Whether it is the narrator beyond the camera (Alexandre Koberidze's voice) or an ancient coryphaeus, the style of the narration, like the fragmentation of the image, is limited to short, occasionally included comments, calm, emotionless, unperturbed, simple, and short phrases. Dialogues are also like this. They are short. Only with the necessary word explanations and maybe not even with the content. It is a statement of fact and nothing else.
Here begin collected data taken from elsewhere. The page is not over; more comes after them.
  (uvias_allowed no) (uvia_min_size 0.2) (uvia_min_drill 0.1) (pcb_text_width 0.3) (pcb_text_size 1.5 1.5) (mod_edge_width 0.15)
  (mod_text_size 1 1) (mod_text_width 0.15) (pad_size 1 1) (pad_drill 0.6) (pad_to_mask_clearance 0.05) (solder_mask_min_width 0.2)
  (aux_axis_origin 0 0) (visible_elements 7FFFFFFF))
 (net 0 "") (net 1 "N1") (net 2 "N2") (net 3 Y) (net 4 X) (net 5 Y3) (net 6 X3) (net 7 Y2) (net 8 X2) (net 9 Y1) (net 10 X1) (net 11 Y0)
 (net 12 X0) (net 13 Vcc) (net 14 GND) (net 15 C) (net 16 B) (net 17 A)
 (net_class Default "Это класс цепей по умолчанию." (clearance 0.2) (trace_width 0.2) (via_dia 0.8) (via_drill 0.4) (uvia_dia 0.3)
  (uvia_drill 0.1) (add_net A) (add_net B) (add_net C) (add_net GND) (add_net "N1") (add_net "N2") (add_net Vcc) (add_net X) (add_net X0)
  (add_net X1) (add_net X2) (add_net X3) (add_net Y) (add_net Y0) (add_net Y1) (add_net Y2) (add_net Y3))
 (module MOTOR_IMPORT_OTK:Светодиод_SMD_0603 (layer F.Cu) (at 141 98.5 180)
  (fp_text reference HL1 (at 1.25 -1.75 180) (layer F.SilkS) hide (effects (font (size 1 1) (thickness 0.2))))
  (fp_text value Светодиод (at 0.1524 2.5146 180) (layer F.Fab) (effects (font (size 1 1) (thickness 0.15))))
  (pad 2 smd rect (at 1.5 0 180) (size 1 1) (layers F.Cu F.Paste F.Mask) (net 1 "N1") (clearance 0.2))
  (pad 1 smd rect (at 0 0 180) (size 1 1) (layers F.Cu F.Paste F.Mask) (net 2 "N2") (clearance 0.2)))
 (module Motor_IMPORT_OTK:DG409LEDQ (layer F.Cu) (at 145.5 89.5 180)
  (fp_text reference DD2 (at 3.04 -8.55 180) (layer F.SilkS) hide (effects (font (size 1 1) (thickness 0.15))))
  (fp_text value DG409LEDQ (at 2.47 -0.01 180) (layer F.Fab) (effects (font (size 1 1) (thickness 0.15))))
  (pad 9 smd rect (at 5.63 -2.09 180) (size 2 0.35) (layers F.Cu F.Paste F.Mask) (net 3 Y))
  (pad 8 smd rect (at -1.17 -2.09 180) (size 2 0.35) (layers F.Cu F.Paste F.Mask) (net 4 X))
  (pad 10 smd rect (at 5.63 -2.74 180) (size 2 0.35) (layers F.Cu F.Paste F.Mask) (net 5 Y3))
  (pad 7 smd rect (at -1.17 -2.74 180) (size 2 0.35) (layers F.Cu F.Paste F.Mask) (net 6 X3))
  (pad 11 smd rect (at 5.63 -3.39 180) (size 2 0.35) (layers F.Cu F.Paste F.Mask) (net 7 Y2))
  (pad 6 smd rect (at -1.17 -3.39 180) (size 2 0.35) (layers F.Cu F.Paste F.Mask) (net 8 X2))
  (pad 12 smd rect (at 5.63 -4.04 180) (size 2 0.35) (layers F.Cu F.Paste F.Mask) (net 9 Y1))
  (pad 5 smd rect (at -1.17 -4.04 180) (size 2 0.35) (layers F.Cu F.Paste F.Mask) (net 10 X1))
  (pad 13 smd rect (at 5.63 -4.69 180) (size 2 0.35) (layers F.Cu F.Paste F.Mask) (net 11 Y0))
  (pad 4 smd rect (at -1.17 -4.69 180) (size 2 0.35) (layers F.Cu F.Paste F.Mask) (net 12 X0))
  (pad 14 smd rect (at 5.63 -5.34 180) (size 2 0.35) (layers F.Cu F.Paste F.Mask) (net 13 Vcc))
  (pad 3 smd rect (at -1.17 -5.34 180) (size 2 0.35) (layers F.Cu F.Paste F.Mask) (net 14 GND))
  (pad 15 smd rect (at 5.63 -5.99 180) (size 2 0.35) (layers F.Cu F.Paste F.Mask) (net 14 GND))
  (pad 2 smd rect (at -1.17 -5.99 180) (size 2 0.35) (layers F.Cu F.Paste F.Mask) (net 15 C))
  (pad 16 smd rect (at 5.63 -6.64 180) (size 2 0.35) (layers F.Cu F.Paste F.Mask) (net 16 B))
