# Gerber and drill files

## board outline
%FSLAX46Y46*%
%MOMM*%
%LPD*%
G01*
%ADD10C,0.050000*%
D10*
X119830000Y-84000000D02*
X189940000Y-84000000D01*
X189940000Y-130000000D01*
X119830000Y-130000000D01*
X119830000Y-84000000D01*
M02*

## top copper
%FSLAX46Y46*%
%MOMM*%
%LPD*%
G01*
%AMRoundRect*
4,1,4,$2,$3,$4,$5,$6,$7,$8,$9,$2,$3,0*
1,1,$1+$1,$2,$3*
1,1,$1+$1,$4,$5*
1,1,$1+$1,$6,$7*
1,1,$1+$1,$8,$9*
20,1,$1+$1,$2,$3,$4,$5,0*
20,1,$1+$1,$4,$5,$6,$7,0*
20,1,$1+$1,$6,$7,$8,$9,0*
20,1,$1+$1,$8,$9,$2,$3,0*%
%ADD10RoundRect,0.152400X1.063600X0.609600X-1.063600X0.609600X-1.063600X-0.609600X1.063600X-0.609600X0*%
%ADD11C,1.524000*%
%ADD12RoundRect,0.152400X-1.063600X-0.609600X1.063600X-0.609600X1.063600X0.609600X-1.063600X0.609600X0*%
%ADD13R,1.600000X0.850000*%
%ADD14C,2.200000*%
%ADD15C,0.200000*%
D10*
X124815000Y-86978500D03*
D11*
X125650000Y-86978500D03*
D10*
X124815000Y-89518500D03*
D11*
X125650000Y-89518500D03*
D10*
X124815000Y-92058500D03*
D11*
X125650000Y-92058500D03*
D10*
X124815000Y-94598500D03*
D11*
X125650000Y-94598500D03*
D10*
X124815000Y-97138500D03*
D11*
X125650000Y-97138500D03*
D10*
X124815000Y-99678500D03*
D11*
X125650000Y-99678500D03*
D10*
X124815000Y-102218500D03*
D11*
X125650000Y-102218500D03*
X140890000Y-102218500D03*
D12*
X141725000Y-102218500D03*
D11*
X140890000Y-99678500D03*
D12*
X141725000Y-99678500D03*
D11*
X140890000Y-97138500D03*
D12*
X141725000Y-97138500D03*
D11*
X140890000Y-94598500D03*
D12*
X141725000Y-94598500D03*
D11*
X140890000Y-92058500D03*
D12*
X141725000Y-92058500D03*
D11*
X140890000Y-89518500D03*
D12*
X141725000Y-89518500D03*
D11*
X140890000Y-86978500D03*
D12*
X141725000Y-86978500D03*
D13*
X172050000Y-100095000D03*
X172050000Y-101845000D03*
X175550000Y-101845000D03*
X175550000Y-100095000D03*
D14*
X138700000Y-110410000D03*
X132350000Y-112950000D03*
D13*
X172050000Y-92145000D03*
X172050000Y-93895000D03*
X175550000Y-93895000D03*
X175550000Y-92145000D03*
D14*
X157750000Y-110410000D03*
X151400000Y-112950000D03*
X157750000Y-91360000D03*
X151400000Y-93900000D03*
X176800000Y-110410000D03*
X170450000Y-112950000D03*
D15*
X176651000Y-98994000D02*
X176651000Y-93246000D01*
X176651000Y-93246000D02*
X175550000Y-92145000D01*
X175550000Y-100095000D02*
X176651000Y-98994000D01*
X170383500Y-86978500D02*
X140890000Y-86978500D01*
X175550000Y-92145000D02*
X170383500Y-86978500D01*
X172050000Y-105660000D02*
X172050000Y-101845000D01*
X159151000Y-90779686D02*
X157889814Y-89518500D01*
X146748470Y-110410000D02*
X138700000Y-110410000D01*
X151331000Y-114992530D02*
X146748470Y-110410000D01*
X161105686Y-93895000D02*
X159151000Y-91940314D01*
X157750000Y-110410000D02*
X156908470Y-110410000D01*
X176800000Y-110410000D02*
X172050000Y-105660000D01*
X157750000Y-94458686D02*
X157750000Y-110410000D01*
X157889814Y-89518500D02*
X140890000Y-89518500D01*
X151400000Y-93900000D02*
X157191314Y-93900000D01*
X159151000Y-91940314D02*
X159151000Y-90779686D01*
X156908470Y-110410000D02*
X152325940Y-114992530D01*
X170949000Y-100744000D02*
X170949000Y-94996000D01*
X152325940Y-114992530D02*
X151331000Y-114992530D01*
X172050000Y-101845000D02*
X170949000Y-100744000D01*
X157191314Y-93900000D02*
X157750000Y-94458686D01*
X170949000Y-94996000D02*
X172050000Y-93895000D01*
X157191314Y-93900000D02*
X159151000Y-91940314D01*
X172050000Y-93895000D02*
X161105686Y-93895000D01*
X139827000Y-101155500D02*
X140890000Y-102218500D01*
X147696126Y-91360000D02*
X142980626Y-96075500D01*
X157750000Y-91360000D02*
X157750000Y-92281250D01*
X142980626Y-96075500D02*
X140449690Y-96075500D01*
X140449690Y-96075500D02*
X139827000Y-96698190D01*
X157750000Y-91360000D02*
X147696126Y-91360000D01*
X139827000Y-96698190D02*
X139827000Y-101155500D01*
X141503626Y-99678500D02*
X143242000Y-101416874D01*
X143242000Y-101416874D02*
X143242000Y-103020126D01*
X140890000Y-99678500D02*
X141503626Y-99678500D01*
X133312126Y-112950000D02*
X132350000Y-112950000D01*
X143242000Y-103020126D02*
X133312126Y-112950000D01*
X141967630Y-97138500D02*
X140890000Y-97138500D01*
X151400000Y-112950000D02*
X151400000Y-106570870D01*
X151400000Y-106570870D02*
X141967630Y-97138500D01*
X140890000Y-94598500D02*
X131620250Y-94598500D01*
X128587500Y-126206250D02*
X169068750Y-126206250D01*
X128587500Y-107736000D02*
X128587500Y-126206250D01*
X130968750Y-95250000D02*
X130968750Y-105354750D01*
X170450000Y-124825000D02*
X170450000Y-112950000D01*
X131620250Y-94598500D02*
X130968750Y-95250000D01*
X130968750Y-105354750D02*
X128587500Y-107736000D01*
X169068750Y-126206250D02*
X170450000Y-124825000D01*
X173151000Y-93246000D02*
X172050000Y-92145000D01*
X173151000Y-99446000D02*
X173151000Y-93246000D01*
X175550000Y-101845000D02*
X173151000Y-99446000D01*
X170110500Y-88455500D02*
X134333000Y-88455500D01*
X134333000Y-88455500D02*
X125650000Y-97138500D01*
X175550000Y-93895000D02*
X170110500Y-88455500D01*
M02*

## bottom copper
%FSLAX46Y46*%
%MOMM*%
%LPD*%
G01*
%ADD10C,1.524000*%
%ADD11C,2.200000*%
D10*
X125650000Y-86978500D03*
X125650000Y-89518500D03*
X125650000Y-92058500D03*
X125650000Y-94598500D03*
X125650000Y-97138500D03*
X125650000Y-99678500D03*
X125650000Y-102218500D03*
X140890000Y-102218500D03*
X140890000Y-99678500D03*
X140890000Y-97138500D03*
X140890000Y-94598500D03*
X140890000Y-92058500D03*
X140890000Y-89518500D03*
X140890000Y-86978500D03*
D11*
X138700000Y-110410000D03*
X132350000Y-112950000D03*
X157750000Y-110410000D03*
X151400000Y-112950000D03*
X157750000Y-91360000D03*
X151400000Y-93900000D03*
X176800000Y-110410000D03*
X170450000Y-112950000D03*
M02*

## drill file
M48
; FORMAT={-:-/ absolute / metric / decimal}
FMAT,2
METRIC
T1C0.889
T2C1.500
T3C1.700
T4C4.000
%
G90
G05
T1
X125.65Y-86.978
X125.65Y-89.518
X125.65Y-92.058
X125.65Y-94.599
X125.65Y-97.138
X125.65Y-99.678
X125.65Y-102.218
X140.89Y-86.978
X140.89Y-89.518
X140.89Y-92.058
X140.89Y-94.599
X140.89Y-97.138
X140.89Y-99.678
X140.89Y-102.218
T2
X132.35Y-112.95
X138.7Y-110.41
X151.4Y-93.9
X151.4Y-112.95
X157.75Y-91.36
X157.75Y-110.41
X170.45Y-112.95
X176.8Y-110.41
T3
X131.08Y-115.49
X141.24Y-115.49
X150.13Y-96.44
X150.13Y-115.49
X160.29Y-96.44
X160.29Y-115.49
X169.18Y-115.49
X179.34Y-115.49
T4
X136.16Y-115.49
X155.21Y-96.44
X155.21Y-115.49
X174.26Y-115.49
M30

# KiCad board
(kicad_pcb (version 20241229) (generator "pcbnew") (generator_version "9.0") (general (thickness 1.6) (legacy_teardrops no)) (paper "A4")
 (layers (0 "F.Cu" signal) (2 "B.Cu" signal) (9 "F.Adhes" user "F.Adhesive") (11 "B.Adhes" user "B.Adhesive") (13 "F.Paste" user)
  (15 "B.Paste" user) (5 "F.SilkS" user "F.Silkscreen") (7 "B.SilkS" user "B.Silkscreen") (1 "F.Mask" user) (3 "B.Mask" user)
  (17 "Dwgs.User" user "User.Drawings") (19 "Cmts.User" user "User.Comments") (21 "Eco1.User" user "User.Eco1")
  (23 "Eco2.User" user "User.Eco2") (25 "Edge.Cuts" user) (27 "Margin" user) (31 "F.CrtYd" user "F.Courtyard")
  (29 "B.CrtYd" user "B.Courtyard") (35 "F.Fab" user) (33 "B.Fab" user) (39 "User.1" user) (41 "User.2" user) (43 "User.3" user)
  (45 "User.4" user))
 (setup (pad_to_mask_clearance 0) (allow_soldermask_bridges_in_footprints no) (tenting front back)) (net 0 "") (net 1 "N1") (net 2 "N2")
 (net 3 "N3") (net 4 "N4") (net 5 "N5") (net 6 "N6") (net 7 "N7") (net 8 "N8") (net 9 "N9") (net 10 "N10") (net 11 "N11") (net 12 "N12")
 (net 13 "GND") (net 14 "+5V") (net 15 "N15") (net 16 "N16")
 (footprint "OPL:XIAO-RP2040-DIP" (layer "F.Cu") (at 133.27 94.5985)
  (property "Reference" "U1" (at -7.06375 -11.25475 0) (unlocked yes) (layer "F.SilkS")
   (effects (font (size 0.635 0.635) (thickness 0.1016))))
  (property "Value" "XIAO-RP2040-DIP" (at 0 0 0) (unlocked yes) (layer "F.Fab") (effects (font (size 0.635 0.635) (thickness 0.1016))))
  (pad "1" smd roundrect (at -8.455 -7.62 180) (size 2.432 1.524) (layers "F.Cu" "F.Mask") (roundrect_rratio 0.1) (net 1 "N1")
   (thermal_bridge_angle 45))
  (pad "1" thru_hole circle (at -7.62 -7.62 180) (size 1.524 1.524) (drill 0.889) (layers "*.Cu" "*.Mask") (remove_unused_layers no)
   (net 1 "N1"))
  (pad "2" smd roundrect (at -8.455 -5.08 180) (size 2.432 1.524) (layers "F.Cu" "F.Mask") (roundrect_rratio 0.1) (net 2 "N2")
   (thermal_bridge_angle 45))
  (pad "2" thru_hole circle (at -7.62 -5.08 180) (size 1.524 1.524) (drill 0.889) (layers "*.Cu" "*.Mask") (remove_unused_layers no)
   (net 2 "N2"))
  (pad "3" smd roundrect (at -8.455 -2.54 180) (size 2.432 1.524) (layers "F.Cu" "F.Mask") (roundrect_rratio 0.1) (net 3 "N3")
   (thermal_bridge_angle 45))
  (pad "3" thru_hole circle (at -7.62 -2.54 180) (size 1.524 1.524) (drill 0.889) (layers "*.Cu" "*.Mask") (remove_unused_layers no)
   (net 3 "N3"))
  (pad "4" smd roundrect (at -8.455 0 180) (size 2.432 1.524) (layers "F.Cu" "F.Mask") (roundrect_rratio 0.1) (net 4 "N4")
   (thermal_bridge_angle 45))
  (pad "4" thru_hole circle (at -7.62 0 180) (size 1.524 1.524) (drill 0.889) (layers "*.Cu" "*.Mask") (remove_unused_layers no)
   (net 4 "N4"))
  (pad "5" smd roundrect (at -8.455 2.54 180) (size 2.432 1.524) (layers "F.Cu" "F.Mask") (roundrect_rratio 0.1) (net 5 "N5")
   (thermal_bridge_angle 45))
  (pad "5" thru_hole circle (at -7.62 2.54 180) (size 1.524 1.524) (drill 0.889) (layers "*.Cu" "*.Mask") (remove_unused_layers no)
   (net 5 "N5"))
  (pad "6" smd roundrect (at -8.455 5.08 180) (size 2.432 1.524) (layers "F.Cu" "F.Mask") (roundrect_rratio 0.1) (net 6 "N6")
   (thermal_bridge_angle 45))
  (pad "6" thru_hole circle (at -7.62 5.08 180) (size 1.524 1.524) (drill 0.889) (layers "*.Cu" "*.Mask") (remove_unused_layers no)
   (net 6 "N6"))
And suddenly, now as always, completely unexpectedly, a new thing to say, a new problem, a new flow emerges in the narrator's text, and the sound of the film and the main message of the director's position change again. That "true" reality is starting to activate. There is a turn toward asking rhetorical questions to oneself and a piercing look at society; the question refers to ethics, responsibility, duty, what is happening in these cruel times, and how we will respond in the future. And you, right from this exciting moment, start thinking, looking for answers to the questions: What am I doing today? Am I silent? Am I making noise? Do I care? And you also start thinking about whether Alexandre Koberidze’s film is about love or only about the fact of its existence or the desire to exist? Does it end happily or not so happily? Is it an ordinary story or an extraordinary one?
If you accept this conditionality and go with the flow, you will believe that everything has happened, that it may or may not happen, and that there are no answers to this/such questions. Otherwise, everything would be a lie, something fabricated and fake. Neither modern cinema nor the modern world has ready-made schemes and frames, or ready-made and empty expectations.
Due to the intervention of the evil eye and the curse into the events, Lisa and Giorgi first lost each other and then found each other with the power of cinematic magic, but the director immediately forgot about them. He said goodbye at the crossroads and turned the course of the film once again, without them, in another direction and into another space. Everything ended with a scene of footballer children running up the steep stairs in the parallel street above, or perhaps towards the heavens to conquer the heights, who are watched by David the Builder’s statue, holding a sword and a model of the Gelati cathedral.
The sky is full of imprints of our lives, full of reflections. Some people don't look at the sky at all; others can't or don't notice anything in it. If we look even for a second, we will see ourselves, many other people, and our own lives. We will find and feel a lot. The sky always and everywhere watches us and sees us.
"There is one particular movement of air in Kutaisi: it is not the wind anymore, but it is not the breeze yet. It smells like glycerin; it's warm; it's empty; it's too polite. If it were up to me, I would name her Liziko Gabunia and enroll her in the Faculty of French Language at Kutaisi Pedagogical Institute. And without exams. I tipped my hat to the wind; she walked past me, pretending she didn't recognize me; she played with her earring on the corner of the street; and still, she glanced at me and disappeared." Rezo Gabriadze.